Too early to predict the demise of ISIS

RASHMEE ROSHAN LALL January 1, 2016

isilIf ISIS went broke in 2016, it would be the end of an audacious run of good luck and grotesque strategy. But how likely is this to happen?

What does the new year portend for the Islamic State (ISIS) and its leader, Abu Bakr al-Baghdadi? Probably nothing good. Saudi Arabia has formed a 34-member antiterror­ism coalition and, however vague the strategy, there does at least seem to be a hardening of world resolve against ISIS.

And then there are the lingering effects of all that happened to the brutal extremist group in 2015: the loss of the Iraqi town of Sinjar, the capture by Kurdish forces in Syria of oilfields west of Sinjar, the pres­sure being brought to bear on the ISIS-held Iraqi city of Ramadi and the coalition strike that killed Abu Salah, ISIS’s finance minister.

Most significant of all: the slight loss of presence on the propaganda front, according to Aaron Zelin of the Washington Institute for Near East Policy, who founded the widely cited website Jihadology. net and whose research focuses on global jihadi groups, particularly ISIS, Jabhat al-Nusra and Ansar al-Sharia.

Zelin, noting that ISIS is posting fewer pictures online, discerned that the group is losing its digital cutting edge. He also said that much of what it puts out is of shoddier quality than before.

Perhaps, though it sounds like wishful thinking considering the coldly focused creative energy and impeccable production quality of the extremist group’s latest online video. It showed a chilling game of hide-and-seek-and-execute among young boys in the ruins of a Deir ez-Zor castle.
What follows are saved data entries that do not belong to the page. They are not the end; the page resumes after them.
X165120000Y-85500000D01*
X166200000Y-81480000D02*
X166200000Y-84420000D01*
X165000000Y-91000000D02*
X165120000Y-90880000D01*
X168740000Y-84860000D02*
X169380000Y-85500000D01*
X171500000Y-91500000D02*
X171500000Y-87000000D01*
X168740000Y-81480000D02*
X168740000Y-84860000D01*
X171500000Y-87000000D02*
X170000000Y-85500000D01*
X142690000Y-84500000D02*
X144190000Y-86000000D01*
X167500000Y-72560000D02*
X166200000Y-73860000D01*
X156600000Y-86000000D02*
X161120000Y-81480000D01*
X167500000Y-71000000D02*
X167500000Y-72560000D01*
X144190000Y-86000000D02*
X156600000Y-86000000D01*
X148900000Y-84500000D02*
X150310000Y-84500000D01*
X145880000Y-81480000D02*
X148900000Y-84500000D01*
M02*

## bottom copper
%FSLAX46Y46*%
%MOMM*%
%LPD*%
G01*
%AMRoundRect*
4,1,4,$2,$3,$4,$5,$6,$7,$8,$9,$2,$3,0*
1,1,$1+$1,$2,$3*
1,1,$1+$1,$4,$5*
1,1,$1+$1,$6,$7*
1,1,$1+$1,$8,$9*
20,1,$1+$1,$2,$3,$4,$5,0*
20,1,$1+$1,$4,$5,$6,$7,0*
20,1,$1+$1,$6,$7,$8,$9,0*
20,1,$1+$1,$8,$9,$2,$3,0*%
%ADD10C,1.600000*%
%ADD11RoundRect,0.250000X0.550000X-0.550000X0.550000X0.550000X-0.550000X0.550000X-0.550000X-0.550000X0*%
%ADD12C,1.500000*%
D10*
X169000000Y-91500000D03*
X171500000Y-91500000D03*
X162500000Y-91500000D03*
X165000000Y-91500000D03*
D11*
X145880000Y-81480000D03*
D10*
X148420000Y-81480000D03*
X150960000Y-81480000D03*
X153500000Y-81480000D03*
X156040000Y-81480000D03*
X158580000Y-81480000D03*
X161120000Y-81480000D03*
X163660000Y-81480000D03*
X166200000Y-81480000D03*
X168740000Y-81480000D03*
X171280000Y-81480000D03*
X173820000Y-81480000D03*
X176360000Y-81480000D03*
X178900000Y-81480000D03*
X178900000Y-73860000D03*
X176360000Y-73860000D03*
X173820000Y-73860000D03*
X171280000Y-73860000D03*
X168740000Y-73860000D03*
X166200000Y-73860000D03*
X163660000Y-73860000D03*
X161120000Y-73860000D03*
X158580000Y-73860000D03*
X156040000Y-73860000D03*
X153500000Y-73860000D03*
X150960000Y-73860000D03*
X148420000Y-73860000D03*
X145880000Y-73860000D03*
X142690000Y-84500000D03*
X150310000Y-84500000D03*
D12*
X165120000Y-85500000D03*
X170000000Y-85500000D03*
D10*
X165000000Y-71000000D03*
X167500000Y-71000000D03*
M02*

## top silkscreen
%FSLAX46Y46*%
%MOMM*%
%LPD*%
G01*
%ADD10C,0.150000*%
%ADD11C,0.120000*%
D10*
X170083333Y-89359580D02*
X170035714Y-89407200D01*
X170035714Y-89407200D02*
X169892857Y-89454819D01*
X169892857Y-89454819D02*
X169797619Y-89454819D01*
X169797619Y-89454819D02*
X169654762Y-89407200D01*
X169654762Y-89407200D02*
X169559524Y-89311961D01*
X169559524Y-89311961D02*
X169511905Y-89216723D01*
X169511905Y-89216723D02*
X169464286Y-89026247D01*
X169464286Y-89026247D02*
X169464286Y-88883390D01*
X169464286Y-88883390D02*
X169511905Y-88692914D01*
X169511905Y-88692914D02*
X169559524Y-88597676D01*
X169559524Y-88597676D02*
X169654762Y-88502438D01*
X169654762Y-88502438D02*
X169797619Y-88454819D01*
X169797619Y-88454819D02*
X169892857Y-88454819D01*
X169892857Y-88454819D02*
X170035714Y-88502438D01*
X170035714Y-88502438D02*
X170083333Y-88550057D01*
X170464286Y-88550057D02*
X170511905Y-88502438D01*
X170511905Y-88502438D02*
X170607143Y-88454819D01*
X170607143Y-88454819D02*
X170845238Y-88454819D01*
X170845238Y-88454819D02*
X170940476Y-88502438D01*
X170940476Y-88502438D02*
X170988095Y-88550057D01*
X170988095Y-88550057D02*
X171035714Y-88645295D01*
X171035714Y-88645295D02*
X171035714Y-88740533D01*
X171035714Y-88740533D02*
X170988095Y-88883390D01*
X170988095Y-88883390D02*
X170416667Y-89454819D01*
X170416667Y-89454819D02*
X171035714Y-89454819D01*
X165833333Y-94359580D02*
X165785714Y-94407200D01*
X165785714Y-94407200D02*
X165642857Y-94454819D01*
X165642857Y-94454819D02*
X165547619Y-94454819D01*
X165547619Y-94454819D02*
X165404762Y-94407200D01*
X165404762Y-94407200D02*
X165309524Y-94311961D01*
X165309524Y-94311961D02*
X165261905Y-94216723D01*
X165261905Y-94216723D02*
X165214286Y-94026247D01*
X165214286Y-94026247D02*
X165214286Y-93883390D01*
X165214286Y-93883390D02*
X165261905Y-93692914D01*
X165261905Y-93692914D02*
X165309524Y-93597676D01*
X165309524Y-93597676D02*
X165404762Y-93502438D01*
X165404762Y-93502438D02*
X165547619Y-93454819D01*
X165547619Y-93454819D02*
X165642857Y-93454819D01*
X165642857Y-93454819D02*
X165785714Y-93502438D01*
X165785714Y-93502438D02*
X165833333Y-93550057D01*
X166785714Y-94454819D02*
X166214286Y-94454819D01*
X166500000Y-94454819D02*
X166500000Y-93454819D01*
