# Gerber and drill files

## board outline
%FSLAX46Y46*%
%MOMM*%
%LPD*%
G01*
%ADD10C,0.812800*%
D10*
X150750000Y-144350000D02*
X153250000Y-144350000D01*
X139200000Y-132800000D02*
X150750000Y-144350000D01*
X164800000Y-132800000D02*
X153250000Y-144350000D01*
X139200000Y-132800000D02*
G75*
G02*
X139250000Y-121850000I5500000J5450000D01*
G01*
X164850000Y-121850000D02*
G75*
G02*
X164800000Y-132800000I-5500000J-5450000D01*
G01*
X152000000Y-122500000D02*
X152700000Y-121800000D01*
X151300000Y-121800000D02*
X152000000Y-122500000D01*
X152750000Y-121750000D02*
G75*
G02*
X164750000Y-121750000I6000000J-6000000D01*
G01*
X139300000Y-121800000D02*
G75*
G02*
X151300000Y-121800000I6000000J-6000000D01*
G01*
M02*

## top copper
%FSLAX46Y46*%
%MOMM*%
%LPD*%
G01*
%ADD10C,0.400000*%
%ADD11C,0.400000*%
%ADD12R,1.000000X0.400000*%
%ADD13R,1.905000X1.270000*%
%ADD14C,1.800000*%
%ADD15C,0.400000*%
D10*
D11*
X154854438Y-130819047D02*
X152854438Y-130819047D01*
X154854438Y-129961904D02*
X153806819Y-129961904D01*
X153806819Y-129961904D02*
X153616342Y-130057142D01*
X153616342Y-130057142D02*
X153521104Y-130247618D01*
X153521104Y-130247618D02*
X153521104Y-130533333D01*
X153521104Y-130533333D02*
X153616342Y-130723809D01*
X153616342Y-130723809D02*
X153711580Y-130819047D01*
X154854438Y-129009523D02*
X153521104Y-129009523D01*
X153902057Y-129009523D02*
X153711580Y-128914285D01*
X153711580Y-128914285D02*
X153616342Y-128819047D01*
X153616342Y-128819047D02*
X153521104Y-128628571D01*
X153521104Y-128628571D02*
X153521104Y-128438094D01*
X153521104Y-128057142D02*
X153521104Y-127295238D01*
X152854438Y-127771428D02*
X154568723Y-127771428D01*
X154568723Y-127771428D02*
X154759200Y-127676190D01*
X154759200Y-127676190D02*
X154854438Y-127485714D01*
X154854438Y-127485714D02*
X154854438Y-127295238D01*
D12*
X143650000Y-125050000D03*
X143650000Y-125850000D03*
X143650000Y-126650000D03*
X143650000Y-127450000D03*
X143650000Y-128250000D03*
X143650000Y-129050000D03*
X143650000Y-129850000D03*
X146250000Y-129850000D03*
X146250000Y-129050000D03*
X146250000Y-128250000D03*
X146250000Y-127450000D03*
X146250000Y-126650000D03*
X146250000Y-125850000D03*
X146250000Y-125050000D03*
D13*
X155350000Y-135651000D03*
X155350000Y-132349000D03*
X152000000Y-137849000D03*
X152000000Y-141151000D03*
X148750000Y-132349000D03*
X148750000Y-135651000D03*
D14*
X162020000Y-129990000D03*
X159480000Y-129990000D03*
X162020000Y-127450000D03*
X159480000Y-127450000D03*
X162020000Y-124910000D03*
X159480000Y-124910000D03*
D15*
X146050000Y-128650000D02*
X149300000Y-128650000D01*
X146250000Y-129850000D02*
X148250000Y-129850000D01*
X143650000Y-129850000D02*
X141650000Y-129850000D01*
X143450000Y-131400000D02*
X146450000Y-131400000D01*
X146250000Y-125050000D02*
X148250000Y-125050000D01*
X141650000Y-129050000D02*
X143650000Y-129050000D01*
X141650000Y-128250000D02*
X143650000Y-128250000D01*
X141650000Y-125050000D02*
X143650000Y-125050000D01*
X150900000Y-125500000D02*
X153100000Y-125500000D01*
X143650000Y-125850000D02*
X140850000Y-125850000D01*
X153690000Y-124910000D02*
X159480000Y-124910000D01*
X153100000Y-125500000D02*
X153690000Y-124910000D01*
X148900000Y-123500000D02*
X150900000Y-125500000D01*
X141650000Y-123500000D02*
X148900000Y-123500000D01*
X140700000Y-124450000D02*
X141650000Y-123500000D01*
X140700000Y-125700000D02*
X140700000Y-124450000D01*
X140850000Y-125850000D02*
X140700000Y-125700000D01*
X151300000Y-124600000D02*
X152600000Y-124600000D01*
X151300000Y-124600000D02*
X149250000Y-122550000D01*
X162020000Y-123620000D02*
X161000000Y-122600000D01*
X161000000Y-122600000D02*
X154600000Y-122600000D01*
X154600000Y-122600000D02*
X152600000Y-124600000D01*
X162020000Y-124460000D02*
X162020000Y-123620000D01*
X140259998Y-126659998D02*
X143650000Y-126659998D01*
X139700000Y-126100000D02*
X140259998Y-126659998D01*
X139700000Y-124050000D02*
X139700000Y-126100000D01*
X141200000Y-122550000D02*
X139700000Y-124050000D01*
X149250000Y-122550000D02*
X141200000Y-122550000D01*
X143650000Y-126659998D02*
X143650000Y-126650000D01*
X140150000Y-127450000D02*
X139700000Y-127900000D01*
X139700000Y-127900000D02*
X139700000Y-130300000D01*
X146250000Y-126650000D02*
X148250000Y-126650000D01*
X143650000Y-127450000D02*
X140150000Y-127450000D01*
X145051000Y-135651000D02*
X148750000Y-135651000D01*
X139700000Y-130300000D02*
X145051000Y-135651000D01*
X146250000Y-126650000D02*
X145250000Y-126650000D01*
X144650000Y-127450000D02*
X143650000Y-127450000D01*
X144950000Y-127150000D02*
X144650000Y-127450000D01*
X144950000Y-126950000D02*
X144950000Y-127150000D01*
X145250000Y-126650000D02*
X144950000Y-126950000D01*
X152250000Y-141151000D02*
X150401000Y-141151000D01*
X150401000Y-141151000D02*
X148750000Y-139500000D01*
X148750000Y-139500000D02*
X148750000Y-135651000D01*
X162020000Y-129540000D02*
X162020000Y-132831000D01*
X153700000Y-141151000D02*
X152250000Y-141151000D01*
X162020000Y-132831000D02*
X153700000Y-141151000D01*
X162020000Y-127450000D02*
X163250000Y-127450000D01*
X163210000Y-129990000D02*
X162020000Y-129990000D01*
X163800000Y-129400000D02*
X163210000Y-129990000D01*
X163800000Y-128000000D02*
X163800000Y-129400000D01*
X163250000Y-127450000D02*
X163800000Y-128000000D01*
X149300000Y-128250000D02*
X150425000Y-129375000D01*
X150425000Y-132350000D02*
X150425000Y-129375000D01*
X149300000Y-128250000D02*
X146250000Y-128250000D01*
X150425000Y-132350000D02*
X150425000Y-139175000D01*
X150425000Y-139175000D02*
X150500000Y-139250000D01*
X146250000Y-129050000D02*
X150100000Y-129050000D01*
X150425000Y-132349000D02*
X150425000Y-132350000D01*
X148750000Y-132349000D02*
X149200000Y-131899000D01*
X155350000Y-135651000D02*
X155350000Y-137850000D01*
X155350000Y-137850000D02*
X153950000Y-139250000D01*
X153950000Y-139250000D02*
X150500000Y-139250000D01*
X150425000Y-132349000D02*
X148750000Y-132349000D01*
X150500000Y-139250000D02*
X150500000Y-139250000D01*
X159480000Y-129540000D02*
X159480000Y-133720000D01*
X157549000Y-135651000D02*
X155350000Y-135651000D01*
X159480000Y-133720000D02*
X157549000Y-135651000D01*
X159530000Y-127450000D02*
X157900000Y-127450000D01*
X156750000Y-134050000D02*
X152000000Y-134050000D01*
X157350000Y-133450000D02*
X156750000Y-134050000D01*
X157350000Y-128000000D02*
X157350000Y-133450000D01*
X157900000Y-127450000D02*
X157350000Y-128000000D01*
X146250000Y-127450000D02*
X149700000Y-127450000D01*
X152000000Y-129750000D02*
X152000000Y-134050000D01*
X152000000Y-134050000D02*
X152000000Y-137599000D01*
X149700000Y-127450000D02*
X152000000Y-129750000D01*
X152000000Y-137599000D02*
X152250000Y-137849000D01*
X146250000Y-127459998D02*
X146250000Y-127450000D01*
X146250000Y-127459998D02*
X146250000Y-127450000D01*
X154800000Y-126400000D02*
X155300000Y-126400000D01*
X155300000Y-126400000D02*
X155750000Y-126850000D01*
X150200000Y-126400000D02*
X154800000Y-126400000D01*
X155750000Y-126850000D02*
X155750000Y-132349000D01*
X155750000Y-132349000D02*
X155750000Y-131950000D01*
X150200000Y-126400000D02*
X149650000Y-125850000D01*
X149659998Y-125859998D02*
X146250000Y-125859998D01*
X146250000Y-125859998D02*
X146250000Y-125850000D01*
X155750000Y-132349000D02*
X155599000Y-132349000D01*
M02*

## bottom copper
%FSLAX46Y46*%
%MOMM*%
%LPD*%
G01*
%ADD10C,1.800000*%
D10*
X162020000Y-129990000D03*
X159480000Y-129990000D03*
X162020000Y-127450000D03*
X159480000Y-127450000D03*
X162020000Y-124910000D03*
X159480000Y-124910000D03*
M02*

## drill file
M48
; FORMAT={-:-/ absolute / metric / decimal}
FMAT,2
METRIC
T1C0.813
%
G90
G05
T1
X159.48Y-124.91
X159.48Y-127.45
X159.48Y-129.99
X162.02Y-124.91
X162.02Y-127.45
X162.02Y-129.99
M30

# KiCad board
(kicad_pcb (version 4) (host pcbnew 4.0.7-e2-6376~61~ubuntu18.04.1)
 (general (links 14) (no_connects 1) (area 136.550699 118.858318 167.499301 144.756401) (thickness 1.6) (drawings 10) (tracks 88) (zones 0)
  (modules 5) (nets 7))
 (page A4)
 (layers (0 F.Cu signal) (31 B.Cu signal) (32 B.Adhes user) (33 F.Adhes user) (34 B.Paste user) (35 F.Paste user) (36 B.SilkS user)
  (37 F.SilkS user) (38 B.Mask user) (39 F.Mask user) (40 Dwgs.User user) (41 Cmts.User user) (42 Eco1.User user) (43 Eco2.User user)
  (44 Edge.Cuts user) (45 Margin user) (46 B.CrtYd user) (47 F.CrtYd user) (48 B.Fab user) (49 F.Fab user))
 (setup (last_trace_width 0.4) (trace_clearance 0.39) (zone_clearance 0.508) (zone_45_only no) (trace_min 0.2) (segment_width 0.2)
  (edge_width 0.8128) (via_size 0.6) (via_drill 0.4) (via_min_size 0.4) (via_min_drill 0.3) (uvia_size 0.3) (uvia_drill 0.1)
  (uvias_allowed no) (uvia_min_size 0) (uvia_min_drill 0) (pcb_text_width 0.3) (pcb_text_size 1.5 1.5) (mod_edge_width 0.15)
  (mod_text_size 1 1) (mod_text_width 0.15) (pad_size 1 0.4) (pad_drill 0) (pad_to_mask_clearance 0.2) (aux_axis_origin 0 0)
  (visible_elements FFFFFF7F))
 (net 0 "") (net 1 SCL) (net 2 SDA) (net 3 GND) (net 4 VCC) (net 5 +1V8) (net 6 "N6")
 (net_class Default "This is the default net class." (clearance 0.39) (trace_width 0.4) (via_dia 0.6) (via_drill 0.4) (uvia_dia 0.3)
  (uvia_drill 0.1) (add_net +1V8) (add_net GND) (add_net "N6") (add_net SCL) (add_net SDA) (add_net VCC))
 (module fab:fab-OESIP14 (layer F.Cu) (at 144.95 127.45)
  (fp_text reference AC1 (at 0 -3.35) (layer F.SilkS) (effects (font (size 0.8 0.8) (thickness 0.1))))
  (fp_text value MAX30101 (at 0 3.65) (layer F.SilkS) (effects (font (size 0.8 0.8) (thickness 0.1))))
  (pad 1 smd rect (at -1.3 -2.4) (size 1 0.4) (layers F.Cu F.Paste F.Mask))
  (pad 2 smd rect (at -1.3 -1.6) (size 1 0.4) (layers F.Cu F.Paste F.Mask) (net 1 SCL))
  (pad 3 smd rect (at -1.3 -0.8) (size 1 0.4) (layers F.Cu F.Paste F.Mask) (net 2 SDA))
  (pad 4 smd rect (at -1.3 0) (size 1 0.4) (layers F.Cu F.Paste F.Mask) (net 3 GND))
  (pad 5 smd rect (at -1.3 0.8) (size 1 0.4) (layers F.Cu F.Paste F.Mask))
  (pad 6 smd rect (at -1.3 1.6) (size 1 0.4) (layers F.Cu F.Paste F.Mask))
  (pad 7 smd rect (at -1.3 2.4) (size 1 0.4) (layers F.Cu F.Paste F.Mask))
  (pad 8 smd rect (at 1.3 2.4) (size 1 0.4) (layers F.Cu F.Paste F.Mask))
  (pad 9 smd rect (at 1.3 1.6) (size 1 0.4) (layers F.Cu F.Paste F.Mask) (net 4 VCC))
  (pad 10 smd rect (at 1.3 0.8) (size 1 0.4) (layers F.Cu F.Paste F.Mask) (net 4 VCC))
  (pad 11 smd rect (at 1.3 0) (size 1 0.4) (layers F.Cu F.Paste F.Mask) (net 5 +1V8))
  (pad 12 smd rect (at 1.3 -0.8) (size 1 0.4) (layers F.Cu F.Paste F.Mask) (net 3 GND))
  (pad 13 smd rect (at 1.3 -1.6) (size 1 0.4) (layers F.Cu F.Paste F.Mask) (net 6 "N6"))
  (pad 14 smd rect (at 1.3 -2.4) (size 1 0.4) (layers F.Cu F.Paste F.Mask)))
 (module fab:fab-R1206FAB (layer F.Cu) (at 155.35 134 90)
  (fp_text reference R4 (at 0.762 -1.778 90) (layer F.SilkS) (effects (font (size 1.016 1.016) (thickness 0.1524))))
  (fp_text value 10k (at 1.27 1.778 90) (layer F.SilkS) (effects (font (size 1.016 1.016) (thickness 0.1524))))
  (pad 1 smd rect (at -1.651 0 90) (size 1.27 1.905) (layers F.Cu F.Paste F.Mask) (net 4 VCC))
  (pad 2 smd rect (at 1.651 0 90) (size 1.27 1.905) (layers F.Cu F.Paste F.Mask) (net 6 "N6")))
Even so, the year gone by can legitimately be said to have been dif­ficult for ISIS. Losing Sinjar makes the journey between the so-called caliphate’s main cities — Mosul in Iraq and Raqqa in Syria — longer and more perilous. Ramadi is a big city and its loss would be signifi­cant for the group. The death of a senior ISIS figure such as Abu Salah undoubtedly affects morale. And the capture of the oilfields will constrict ISIS’s revenue stream, US President Barack Obama has promised.

What could make 2016 even worse? Loss of funding. This may be the pivot on which ISIS’s fortunes will turn this year. Cicero, who knew a thing or two about politics and the prosaic reality of military might, once said: “The sinews of war are infinite money.”

If ISIS went broke in 2016, it would be the end of an audacious run of good luck and grotesque strategy. But how likely is this to happen?

There may be some pointers in the problems that the UN Security Council was unable to address at its first meeting to cut off ISIS funding. The finance ministers met and brainstormed before the holiday break but were presum­ably stumped by the following, fairly basic issues:

— Unlike al-Qaeda, ISIS is not dependent on money from beyond the borders of its so-called state.

— ISIS, which controls territory the size of the United Kingdom, taxes the approximately 8 million residents of its “state”, sells oil and allows the sale of antiquities, thereby earning what it needs to buy weapons, trucks and other necessaries to pursue war. Accord­ing to a 2014 Thomson Reuters study, the extremist group has more than $2 trillion in assets under its control, with an annual income of $2.9 billion.

— Bombing ISIS-controlled oil infrastructure has meant the destruction of hundreds of their tanker trucks, wells and refineries but this won’t disrupt tax-collec­tion activity.

The only positive prediction about ISIS’s ability to raise money in 2016 revolves around a negative and dismal reality. The people in its heartland in Iraq and Syria are becoming poorer by the day and there will come a time when they will be unable to scrape together anything of any value to pay the taxes ISIS has imposed.

Adam Chodorow, a law profes­sor at Arizona State University who has written about ISIS’s meth­od of governance, says the group is “very limited” when it comes to a real tax system. “They can go and take one or two of your goats but eventually there are no goats left. I don’t think they’re going to be able to raise too much more money,” he predicts.

There is nothing to cheer about the progressive impoverishment of a whole people except that it may be the only implosion that can take the heart and guts out of this swaggering brute force.